Within the records below is a range that opens at the line with "X126600000Y-122200000D01*" and closes at the line with "X126200000Y-118900000D01*". Return that range word for word, both ends included, and only that range.
********
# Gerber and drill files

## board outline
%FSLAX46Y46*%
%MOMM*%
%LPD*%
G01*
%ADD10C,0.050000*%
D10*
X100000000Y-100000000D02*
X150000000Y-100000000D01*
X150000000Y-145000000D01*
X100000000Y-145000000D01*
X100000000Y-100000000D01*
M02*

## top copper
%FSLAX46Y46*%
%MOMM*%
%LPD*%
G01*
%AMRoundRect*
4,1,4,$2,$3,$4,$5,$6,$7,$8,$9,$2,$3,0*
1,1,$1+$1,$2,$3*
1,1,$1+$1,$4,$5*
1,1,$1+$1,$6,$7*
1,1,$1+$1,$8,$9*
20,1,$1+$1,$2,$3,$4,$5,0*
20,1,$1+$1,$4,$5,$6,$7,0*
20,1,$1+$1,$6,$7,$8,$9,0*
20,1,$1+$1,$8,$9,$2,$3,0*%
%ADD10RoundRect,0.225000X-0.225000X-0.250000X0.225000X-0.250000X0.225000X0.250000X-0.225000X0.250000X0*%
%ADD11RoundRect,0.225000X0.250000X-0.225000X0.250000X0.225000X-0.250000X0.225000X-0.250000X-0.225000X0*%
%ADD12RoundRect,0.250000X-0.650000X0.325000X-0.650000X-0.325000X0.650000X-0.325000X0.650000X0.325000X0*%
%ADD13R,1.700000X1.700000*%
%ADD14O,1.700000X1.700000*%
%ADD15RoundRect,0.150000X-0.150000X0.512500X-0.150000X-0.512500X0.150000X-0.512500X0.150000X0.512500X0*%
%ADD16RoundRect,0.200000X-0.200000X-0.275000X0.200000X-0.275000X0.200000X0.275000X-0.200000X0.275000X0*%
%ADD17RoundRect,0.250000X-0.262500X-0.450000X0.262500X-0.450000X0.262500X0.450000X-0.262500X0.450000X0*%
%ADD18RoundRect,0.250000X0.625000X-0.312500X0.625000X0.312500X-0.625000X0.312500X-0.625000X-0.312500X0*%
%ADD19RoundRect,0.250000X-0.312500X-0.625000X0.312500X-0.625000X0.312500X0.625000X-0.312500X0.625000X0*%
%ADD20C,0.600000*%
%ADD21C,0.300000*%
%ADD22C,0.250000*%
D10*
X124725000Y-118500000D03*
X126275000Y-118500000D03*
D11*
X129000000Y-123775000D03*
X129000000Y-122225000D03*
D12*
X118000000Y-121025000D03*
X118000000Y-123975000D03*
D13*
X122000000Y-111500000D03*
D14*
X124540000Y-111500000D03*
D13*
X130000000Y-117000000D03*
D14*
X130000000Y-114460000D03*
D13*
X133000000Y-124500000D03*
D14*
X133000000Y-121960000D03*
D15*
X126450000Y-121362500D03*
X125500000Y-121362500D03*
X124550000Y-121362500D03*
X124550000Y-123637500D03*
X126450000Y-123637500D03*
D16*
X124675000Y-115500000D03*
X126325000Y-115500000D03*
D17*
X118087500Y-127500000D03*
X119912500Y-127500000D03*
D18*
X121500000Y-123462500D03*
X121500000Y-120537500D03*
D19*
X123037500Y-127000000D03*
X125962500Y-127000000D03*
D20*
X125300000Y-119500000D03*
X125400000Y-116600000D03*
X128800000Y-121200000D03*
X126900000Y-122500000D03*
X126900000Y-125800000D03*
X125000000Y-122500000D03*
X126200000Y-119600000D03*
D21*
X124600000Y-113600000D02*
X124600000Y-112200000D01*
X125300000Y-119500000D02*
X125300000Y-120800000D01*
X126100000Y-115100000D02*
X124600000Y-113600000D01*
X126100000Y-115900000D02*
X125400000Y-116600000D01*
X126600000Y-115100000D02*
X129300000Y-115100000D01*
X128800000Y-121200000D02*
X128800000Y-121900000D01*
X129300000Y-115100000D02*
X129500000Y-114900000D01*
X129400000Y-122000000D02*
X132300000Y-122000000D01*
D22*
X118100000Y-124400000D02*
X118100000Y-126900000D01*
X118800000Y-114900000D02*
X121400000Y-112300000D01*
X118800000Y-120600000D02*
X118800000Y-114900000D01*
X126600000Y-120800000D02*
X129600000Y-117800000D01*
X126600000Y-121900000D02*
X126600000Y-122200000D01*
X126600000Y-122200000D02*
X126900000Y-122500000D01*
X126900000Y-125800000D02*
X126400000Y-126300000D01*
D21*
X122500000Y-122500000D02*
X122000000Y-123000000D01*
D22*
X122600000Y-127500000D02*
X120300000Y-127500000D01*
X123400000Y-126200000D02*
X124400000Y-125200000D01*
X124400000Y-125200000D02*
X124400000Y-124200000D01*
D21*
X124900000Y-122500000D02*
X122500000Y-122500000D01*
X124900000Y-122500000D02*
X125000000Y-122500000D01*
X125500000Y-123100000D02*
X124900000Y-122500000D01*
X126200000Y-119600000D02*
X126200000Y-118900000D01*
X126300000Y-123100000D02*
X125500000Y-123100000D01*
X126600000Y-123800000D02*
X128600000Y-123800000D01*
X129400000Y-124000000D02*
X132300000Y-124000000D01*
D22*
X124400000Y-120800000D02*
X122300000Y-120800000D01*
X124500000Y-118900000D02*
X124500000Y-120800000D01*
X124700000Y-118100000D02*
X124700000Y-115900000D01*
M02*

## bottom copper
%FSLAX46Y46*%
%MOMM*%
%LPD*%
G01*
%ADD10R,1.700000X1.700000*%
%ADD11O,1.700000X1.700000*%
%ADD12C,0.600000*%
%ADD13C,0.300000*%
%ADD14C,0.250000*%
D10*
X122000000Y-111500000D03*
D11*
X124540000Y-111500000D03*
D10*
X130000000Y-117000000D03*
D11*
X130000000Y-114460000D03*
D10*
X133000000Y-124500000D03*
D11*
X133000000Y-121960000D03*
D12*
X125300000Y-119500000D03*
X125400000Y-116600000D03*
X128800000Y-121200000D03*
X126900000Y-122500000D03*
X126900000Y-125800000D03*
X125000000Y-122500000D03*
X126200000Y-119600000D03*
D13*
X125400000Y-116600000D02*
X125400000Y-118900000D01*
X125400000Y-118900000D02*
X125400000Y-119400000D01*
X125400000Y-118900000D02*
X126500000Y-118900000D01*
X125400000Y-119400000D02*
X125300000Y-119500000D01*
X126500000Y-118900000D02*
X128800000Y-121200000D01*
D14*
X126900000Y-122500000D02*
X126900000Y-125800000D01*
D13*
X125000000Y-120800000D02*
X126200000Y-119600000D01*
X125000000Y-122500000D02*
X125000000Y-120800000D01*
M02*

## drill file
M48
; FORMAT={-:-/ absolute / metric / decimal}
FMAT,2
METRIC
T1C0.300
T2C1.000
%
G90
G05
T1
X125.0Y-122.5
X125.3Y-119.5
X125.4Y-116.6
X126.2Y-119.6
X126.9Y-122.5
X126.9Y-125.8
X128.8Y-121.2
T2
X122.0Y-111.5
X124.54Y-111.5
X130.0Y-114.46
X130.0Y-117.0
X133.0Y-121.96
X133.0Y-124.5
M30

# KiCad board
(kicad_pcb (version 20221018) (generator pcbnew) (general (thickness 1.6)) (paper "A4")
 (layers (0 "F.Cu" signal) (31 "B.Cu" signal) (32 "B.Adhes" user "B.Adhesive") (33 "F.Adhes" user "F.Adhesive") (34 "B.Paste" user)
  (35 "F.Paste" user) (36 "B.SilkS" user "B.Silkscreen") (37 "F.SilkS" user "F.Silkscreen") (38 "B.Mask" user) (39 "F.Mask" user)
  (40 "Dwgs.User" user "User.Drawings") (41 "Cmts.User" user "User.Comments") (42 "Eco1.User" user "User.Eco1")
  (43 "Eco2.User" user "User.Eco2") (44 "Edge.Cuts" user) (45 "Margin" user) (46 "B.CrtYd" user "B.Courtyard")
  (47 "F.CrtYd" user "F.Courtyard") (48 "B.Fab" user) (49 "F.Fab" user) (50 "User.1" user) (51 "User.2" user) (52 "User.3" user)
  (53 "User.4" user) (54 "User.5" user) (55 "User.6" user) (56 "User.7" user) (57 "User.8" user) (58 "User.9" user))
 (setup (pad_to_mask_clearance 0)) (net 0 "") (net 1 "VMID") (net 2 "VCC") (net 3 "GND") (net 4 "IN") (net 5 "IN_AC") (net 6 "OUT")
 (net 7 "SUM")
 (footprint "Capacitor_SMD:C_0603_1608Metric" (layer "F.Cu") (at 125.5 118.5)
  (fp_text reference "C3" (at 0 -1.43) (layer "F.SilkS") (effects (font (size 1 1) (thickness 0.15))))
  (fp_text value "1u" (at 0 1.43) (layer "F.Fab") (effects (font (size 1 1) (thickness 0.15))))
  (pad "1" smd roundrect (at -0.775 0) (size 0.9 0.95) (layers "F.Cu" "F.Paste" "F.Mask") (roundrect_rratio 0.25) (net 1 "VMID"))
  (pad "2" smd roundrect (at 0.775 0) (size 0.9 0.95) (layers "F.Cu" "F.Paste" "F.Mask") (roundrect_rratio 0.25) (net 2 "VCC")))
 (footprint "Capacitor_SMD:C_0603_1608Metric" (layer "F.Cu") (at 129 123 90)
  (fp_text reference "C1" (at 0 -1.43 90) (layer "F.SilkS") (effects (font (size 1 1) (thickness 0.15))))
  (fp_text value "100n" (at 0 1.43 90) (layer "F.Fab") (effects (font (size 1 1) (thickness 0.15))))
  (pad "1" smd roundrect (at -0.775 0 90) (size 0.9 0.95) (layers "F.Cu" "F.Paste" "F.Mask") (roundrect_rratio 0.25) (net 2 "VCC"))
  (pad "2" smd roundrect (at 0.775 0 90) (size 0.9 0.95) (layers "F.Cu" "F.Paste" "F.Mask") (roundrect_rratio 0.25) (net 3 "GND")))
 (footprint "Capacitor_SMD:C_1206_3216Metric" (layer "F.Cu") (at 118 122.5 -90)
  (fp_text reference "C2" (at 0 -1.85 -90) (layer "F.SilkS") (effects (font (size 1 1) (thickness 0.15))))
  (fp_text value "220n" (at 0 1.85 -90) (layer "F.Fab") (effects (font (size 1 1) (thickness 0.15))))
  (pad "1" smd roundrect (at -1.475 0 270) (size 1.15 1.8) (layers "F.Cu" "F.Paste" "F.Mask") (roundrect_rratio 0.217391) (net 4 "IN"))
  (pad "2" smd roundrect (at 1.475 0 270) (size 1.15 1.8) (layers "F.Cu" "F.Paste" "F.Mask") (roundrect_rratio 0.217391) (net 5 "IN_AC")))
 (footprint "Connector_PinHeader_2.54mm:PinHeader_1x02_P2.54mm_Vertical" (layer "F.Cu") (at 122 111.5 90)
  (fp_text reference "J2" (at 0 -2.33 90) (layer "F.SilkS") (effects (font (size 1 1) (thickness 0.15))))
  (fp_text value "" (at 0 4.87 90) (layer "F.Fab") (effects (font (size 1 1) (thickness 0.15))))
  (pad "1" thru_hole rect (at 0 0 90) (size 1.7 1.7) (drill 1) (layers "*.Cu" "*.Mask") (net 4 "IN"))
  (pad "2" thru_hole oval (at 0 2.54 90) (size 1.7 1.7) (drill 1) (layers "*.Cu" "*.Mask") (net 3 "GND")))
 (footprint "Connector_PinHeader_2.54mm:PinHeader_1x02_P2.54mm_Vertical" (layer "F.Cu") (at 130 117 180)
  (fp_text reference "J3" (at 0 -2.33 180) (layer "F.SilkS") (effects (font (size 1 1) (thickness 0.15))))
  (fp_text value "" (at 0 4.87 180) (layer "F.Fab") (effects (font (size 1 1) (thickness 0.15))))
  (pad "1" thru_hole rect (at 0 0 180) (size 1.7 1.7) (drill 1) (layers "*.Cu" "*.Mask") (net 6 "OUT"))
  (pad "2" thru_hole oval (at 0 2.54 180) (size 1.7 1.7) (drill 1) (layers "*.Cu" "*.Mask") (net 3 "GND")))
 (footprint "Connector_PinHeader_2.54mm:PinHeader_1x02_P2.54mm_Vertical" (layer "F.Cu") (at 133 124.5 180)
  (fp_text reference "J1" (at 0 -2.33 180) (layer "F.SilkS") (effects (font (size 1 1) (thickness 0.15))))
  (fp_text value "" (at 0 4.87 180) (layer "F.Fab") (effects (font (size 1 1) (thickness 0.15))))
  (pad "1" thru_hole rect (at 0 0 180) (size 1.7 1.7) (drill 1) (layers "*.Cu" "*.Mask") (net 2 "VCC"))
  (pad "2" thru_hole oval (at 0 2.54 180) (size 1.7 1.7) (drill 1) (layers "*.Cu" "*.Mask") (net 3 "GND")))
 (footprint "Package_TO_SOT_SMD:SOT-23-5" (layer "F.Cu") (at 125.5 122.5 -90)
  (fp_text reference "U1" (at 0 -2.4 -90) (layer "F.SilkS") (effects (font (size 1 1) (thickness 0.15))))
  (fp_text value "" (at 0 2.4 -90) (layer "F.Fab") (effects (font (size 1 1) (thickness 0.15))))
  (pad "1" smd roundrect (at -1.1375 -0.95 270) (size 1.325 0.6) (layers "F.Cu" "F.Paste" "F.Mask") (roundrect_rratio 0.25) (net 6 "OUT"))
  (pad "2" smd roundrect (at -1.1375 0 270) (size 1.325 0.6) (layers "F.Cu" "F.Paste" "F.Mask") (roundrect_rratio 0.25) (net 3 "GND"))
********
▶ [ANSWER TO THIS PROBLEM]:
X126600000Y-122200000D01*
X126600000Y-122200000D02*
X126900000Y-122500000D01*
X126900000Y-125800000D02*
X126400000Y-126300000D01*
D21*
X122500000Y-122500000D02*
X122000000Y-123000000D01*
D22*
X122600000Y-127500000D02*
X120300000Y-127500000D01*
X123400000Y-126200000D02*
X124400000Y-125200000D01*
X124400000Y-125200000D02*
X124400000Y-124200000D01*
D21*
X124900000Y-122500000D02*
X122500000Y-122500000D01*
X124900000Y-122500000D02*
X125000000Y-122500000D01*
X125500000Y-123100000D02*
X124900000Y-122500000D01*
X126200000Y-119600000D02*
X126200000Y-118900000D01*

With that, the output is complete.